都麻津姫神社 (平尾)


紀伊国名草郡
和歌山市平尾字若林957
(P無し、近隣に停め置きできるスペースも無し)

■延喜式神名帳
都麻津比賣命神社 名神大 月次新嘗 の論社

■祭神
都麻津姫命


伊太祁曾神社の北方300~400mほどに鎮座。寂れた集落の小高い丘陵上に、小祠がひっそりと佇んでいます。
◎当社は式内名神大社 都麻津比賣神社の論社に挙げられています。他は都麻津姫神社(吉礼)と高積神社(未参拝、「下の宮」のみ記事掲載済み)の2社。
◎かつて日前神宮・國懸神宮の地に鎮まっていた伊太祁曾三神(五十猛神・大屋津姫・都麻津姫)。当地に入植した紀氏の画策により伊太祁曾神社の近く、「亥の森」へ遷されました。これは当地の根強い伊太祁曾三神への信仰を削ぐことで、一向に進まない当地支配を強引に進めようとしたものと思われます。
ところがそれでも支配は進まず、さらに三神を分離しバラバラに遷座。これが伊太祁曾神社(伊太祁曾神社に比定)・大屋津比賣神社(大屋津姫神社に比定)・都麻津比賣神社(吉礼と当社、または高積神社)の三ヶ所。
◎一方で「紀伊國名所図絵」では「妻御前社」として表され、都麻津姫神社(吉礼)を比定。そして「平緒王子(平尾王子)」のすぐ側に描かれています。跡地は当社より東200mの地。これは描かれる位置とは異なっており、跡地の伝承が間違っているのか、遷座があったのか。
◎一方で当社を式内名神大社 都麻津比賣神社に比定する説を上げているのは「紀伊續風土記」(ただし比定しているのは高積神社)。「妻大明神社」であるとし、「紀伊國神名帳」に見える「妻比咩大神」が当社のことであると。
(※「紀伊國神名帳」は編纂時期不明、平安末~鎌倉初期、或いはかなり後世のものとする説も)
◎これは「和名抄」(938年か)の郷名を掲載する所に「妻神戸」とあるのが見え、これをもって「妻大明神社」或いは「妻比咩大神」が当社であるとしています。また都麻津姫神社(吉礼)に対しては、「紀伊國神名帳」に見える「吉禮津姫神」であると。また伊太祁曾神社の神官が当社へ出仕し御供を供えに来ていたとも。
◎他方、高積神社であるという説を上げているのも「紀伊續風土記」。日前神宮・國懸神宮と高積神社との用水を巡る争論があり、その遺された書状から読み取れるもの。そこには高積神社がかつて日前神宮・國懸神宮に鎮座していたと表されているようです。

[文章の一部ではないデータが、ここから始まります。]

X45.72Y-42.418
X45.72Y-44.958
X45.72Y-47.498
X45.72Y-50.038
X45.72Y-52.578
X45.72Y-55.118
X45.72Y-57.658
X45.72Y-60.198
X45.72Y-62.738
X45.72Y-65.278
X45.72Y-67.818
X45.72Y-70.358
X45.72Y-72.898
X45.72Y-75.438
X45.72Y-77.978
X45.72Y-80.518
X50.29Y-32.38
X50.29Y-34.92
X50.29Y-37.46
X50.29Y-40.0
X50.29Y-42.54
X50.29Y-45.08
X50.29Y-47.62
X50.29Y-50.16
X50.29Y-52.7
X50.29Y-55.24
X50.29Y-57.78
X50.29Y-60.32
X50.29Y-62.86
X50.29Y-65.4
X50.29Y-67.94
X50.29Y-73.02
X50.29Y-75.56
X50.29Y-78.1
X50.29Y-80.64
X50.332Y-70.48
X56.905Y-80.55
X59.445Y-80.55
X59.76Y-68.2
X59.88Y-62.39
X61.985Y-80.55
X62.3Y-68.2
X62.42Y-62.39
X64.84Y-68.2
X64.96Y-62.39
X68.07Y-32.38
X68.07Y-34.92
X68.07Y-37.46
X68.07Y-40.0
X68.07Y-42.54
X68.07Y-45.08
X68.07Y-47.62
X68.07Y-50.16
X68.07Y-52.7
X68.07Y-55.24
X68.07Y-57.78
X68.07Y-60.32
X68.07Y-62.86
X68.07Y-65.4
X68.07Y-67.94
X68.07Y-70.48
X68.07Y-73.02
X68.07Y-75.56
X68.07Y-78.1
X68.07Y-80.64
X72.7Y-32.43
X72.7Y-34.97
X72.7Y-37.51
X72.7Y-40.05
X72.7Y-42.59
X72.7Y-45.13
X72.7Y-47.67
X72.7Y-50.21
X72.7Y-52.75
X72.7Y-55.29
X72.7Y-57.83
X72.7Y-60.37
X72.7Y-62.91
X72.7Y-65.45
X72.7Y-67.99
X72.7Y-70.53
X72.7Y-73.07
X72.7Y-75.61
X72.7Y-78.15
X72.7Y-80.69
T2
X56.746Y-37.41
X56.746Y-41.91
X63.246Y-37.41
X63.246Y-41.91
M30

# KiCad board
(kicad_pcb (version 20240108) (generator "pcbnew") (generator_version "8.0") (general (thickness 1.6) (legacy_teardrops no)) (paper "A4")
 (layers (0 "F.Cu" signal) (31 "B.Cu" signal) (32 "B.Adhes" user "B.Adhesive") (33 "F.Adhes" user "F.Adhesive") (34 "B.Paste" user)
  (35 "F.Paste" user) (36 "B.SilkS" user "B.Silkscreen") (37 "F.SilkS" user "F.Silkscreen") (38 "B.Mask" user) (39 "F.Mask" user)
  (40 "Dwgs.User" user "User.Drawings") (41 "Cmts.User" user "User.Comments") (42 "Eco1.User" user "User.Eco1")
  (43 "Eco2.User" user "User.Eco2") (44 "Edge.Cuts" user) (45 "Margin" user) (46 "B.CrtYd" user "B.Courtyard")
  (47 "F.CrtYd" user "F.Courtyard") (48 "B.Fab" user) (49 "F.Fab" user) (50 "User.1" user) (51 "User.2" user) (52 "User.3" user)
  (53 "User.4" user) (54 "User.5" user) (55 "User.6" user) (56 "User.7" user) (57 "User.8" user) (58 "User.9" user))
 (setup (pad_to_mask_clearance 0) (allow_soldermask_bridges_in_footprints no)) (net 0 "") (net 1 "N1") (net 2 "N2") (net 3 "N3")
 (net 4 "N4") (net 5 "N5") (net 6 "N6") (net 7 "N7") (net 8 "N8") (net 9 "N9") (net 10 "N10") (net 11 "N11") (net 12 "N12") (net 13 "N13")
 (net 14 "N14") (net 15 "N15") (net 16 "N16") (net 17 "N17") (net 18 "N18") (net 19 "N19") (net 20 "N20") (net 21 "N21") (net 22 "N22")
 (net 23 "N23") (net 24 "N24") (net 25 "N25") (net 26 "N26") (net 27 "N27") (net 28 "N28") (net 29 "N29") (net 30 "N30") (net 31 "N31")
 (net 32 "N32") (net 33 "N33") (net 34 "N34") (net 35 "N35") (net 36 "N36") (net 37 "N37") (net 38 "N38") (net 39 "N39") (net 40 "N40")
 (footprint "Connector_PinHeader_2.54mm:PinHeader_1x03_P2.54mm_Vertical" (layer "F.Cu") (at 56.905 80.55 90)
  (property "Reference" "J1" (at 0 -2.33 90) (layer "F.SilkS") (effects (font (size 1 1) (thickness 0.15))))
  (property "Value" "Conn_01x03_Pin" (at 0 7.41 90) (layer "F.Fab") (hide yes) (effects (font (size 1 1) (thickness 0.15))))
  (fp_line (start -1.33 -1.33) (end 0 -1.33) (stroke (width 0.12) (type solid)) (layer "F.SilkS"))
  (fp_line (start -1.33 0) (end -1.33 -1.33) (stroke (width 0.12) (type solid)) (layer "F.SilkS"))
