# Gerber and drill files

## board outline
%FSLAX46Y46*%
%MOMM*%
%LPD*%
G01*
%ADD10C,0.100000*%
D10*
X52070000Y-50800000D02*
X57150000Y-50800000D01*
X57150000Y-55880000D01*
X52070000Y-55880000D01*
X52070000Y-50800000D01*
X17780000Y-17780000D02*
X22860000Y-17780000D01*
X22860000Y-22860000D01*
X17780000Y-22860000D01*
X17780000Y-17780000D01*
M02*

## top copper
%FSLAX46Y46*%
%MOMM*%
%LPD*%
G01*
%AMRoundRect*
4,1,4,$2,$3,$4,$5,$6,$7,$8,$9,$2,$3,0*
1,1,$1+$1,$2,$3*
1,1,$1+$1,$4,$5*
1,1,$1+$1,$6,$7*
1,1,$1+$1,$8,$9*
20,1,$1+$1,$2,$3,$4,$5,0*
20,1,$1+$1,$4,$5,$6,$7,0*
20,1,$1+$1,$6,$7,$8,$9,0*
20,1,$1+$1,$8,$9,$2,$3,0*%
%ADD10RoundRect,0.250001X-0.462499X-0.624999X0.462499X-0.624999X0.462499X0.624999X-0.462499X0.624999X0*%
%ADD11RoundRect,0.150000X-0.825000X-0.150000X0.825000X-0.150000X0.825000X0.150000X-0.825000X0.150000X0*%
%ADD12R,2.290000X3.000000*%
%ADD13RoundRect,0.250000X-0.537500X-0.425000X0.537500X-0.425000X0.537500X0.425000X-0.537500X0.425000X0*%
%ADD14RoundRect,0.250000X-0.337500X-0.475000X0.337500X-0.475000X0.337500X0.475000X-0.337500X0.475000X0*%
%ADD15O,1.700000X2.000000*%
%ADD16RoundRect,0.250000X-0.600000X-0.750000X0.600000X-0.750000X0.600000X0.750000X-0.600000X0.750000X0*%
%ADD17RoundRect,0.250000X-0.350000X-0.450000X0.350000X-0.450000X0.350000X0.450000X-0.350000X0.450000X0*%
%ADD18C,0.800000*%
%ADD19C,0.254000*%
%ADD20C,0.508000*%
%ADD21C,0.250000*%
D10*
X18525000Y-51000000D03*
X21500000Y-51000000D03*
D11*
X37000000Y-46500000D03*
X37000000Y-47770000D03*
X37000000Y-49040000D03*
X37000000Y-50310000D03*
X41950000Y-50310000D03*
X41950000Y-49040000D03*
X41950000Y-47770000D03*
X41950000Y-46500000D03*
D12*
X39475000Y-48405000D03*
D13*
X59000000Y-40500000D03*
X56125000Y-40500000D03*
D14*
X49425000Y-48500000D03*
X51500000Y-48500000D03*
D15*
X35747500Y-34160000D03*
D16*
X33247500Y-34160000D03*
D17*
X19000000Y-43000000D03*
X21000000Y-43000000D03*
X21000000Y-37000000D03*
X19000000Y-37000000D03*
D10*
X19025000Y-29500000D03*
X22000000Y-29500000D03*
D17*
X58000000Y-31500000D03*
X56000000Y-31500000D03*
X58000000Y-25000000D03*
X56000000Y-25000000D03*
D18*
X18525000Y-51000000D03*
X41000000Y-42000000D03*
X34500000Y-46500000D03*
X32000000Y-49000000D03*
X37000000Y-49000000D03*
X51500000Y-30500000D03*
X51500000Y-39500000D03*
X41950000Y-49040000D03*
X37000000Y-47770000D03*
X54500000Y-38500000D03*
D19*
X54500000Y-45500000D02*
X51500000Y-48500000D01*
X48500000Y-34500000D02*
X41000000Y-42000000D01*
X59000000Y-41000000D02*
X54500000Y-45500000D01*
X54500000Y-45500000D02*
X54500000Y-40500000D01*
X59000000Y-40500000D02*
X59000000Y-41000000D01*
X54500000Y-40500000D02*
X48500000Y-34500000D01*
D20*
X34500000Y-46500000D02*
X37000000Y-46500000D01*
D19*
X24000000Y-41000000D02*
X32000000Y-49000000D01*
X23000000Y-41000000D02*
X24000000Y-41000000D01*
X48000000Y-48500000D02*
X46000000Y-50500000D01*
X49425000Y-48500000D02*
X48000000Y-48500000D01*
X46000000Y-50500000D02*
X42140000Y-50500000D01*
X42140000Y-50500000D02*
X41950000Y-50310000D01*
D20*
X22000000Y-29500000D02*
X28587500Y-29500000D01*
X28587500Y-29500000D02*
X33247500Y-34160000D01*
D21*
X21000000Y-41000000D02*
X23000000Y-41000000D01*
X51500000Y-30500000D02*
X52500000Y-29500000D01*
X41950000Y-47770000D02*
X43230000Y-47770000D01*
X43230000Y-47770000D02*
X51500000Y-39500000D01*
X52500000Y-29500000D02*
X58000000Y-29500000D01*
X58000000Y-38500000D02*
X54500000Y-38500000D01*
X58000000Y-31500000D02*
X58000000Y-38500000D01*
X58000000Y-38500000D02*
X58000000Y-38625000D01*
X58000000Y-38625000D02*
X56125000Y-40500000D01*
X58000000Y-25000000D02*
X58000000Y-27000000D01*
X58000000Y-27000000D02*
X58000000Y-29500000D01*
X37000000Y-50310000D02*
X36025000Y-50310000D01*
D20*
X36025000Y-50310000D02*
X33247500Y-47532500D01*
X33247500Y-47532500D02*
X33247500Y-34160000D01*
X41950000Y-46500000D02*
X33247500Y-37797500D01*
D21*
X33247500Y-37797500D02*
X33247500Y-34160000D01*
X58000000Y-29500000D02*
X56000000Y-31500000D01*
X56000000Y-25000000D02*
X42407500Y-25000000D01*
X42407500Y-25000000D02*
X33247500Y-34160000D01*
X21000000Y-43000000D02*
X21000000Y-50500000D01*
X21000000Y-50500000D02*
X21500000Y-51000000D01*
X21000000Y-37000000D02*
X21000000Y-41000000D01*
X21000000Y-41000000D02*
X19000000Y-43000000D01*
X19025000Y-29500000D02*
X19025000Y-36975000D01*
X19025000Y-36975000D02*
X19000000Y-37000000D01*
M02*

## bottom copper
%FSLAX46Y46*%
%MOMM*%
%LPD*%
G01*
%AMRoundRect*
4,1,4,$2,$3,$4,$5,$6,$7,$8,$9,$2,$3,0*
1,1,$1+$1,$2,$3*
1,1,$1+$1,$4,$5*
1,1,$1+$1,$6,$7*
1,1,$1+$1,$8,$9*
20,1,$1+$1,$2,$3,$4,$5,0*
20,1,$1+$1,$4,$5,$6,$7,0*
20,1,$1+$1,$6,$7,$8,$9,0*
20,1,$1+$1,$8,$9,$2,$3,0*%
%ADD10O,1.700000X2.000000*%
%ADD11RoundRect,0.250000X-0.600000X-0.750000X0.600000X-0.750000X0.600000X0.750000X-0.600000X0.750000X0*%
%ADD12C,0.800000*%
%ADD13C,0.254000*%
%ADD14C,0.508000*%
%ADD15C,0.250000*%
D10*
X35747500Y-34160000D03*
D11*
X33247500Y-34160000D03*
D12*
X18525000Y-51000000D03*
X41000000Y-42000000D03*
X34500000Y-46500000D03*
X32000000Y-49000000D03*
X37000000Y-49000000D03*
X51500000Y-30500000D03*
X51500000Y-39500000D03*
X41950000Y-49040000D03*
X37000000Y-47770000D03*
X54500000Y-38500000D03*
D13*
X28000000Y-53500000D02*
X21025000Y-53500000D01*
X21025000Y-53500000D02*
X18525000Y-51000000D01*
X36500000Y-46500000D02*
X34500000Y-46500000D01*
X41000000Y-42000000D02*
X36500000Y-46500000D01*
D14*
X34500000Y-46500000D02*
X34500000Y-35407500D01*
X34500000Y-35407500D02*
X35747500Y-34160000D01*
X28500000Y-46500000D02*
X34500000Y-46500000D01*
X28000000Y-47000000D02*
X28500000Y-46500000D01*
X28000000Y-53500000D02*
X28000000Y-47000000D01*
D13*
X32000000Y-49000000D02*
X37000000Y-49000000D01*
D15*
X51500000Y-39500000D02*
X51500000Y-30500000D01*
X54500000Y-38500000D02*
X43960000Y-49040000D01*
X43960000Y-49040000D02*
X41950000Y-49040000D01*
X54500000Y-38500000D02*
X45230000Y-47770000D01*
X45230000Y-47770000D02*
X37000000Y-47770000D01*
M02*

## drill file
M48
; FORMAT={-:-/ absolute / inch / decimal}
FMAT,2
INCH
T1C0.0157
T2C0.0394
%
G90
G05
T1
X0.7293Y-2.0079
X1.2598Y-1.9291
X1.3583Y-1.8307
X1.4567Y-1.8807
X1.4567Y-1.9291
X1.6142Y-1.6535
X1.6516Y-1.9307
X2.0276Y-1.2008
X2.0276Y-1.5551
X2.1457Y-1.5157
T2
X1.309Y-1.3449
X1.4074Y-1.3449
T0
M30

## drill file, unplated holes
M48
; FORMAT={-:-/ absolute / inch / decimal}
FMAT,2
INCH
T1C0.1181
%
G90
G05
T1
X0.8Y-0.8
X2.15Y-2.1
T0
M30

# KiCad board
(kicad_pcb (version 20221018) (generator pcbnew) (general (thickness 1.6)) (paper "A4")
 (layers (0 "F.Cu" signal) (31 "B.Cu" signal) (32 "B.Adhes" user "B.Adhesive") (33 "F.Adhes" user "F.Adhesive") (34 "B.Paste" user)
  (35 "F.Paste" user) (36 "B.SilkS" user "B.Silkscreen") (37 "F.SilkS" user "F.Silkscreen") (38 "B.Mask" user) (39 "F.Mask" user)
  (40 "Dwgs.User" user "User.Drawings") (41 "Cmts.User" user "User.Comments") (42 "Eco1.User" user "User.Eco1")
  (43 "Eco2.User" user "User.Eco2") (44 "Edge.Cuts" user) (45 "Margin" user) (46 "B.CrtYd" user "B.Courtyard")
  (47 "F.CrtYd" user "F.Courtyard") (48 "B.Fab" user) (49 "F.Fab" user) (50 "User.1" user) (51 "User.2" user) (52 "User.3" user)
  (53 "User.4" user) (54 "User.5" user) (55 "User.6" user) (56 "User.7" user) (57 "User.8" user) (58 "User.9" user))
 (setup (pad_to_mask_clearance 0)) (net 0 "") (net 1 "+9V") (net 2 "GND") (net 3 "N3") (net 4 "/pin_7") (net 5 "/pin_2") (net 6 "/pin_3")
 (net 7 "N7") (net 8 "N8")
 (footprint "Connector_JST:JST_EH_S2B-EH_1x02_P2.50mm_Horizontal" (layer "F.Cu") (at 33.2475 34.16)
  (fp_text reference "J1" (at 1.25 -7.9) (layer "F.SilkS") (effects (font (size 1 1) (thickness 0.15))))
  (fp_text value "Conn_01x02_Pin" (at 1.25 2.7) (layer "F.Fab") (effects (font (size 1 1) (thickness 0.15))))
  (pad "1" thru_hole roundrect (at 0 0) (size 1.7 2) (drill 1) (layers "*.Cu" "*.Mask") (roundrect_rratio 0.1470588235) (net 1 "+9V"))
  (pad "2" thru_hole oval (at 2.5 0) (size 1.7 2) (drill 1) (layers "*.Cu" "*.Mask") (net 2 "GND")))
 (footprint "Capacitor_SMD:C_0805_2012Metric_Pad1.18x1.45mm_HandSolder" (layer "F.Cu") (at 50.4625 48.5)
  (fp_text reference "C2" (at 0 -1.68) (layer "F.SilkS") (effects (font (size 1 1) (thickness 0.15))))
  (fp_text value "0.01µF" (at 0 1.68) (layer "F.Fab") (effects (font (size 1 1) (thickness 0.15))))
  (pad "1" smd roundrect (at -1.0375 0) (size 1.175 1.45) (layers "F.Cu" "F.Paste" "F.Mask") (roundrect_rratio 0.2127659574) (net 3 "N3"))
  (pad "2" smd roundrect (at 1.0375 0) (size 1.175 1.45) (layers "F.Cu" "F.Paste" "F.Mask") (roundrect_rratio 0.2127659574) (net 2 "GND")))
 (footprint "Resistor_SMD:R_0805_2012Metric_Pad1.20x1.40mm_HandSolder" (layer "F.Cu") (at 57 25)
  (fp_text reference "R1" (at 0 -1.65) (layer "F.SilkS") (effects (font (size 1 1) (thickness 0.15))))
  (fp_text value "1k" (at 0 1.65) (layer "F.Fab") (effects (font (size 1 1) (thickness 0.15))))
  (pad "1" smd roundrect (at -1 0) (size 1.2 1.4) (layers "F.Cu" "F.Paste" "F.Mask") (roundrect_rratio 0.2083333333) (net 1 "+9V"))
  (pad "2" smd roundrect (at 1 0) (size 1.2 1.4) (layers "F.Cu" "F.Paste" "F.Mask") (roundrect_rratio 0.2083333333) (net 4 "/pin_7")))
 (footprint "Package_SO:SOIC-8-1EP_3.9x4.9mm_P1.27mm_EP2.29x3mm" (layer "F.Cu") (at 39.475 48.405)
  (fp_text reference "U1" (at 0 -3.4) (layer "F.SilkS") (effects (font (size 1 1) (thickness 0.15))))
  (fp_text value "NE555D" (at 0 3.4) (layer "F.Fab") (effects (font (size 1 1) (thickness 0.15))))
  (pad "" smd roundrect (at -0.57 -0.75) (size 0.92 1.21) (layers "F.Paste") (roundrect_rratio 0.25))
  (pad "" smd roundrect (at -0.57 0.75) (size 0.92 1.21) (layers "F.Paste") (roundrect_rratio 0.25))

つまり紀氏の画策により追い出された社であると。これは永享四年(1432年)に起きた争論。
ただし「紀伊國名所図絵」は、式内社 高津比古神社・高津比売神社に宛てています。延喜式神名帳にこの社が掲載されている以上、この社を無視することは不可能。やはり高積神社は式内社 高津比古神社・高津比売神社ではないかと考えています。
◎上述のように「亥の森」から三神は分離させられていますが、伊太祁曾神社と宇田森の大屋津姫神社との離れた距離を考えた考えた場合、都麻津姫神社(吉礼)にしろ当社にしろ、あまりに伊太祁曾神社に近すぎるというのが腑に落ちないところ。この距離にちょうど合うのが高積神社なのですが。
◎以上古来よりあらゆる推測がなされるも結論付けられない状態ですが、一つ抜け落ちていると思われる伝承を発見しています。
地元在住の方から伺った情報として、「高積山」の北側に「妻御前社」という小祠が鎮座するというもの。現地を訪れたものの見当たらず、隣家に伺ったところ、誰も奉斎していないので2016~2017年頃に廃社にしたとのこと(過去の写真が見つかり次第UPします)。都麻津姫が祀られていたとの情報も賜っています。
◎この小祠こそが都麻津姫が鎮まっていた社ではないかと考えています。日前神宮・國懸神宮と高積神社との用水を巡る争論では、この社のことが持ち出されたのではないかと。
ところがこの社は衰退。哀れみた伊太祁曾神社の神官が近くに遷座させたのが当社ではないのかと考えます。
◎「紀伊續風土記」は、かつて境内周は二町半、荘厳であったとするものの、後世衰廃し最小の祠ばかりを遺すものとしています。これは戦国時代最中の天正の兵乱により荒廃してしまったようです。
近くに伊太祁曾神社があるため、廃社へと追い込まれることはないとは思いますが、寂寥を感じずにはいられません。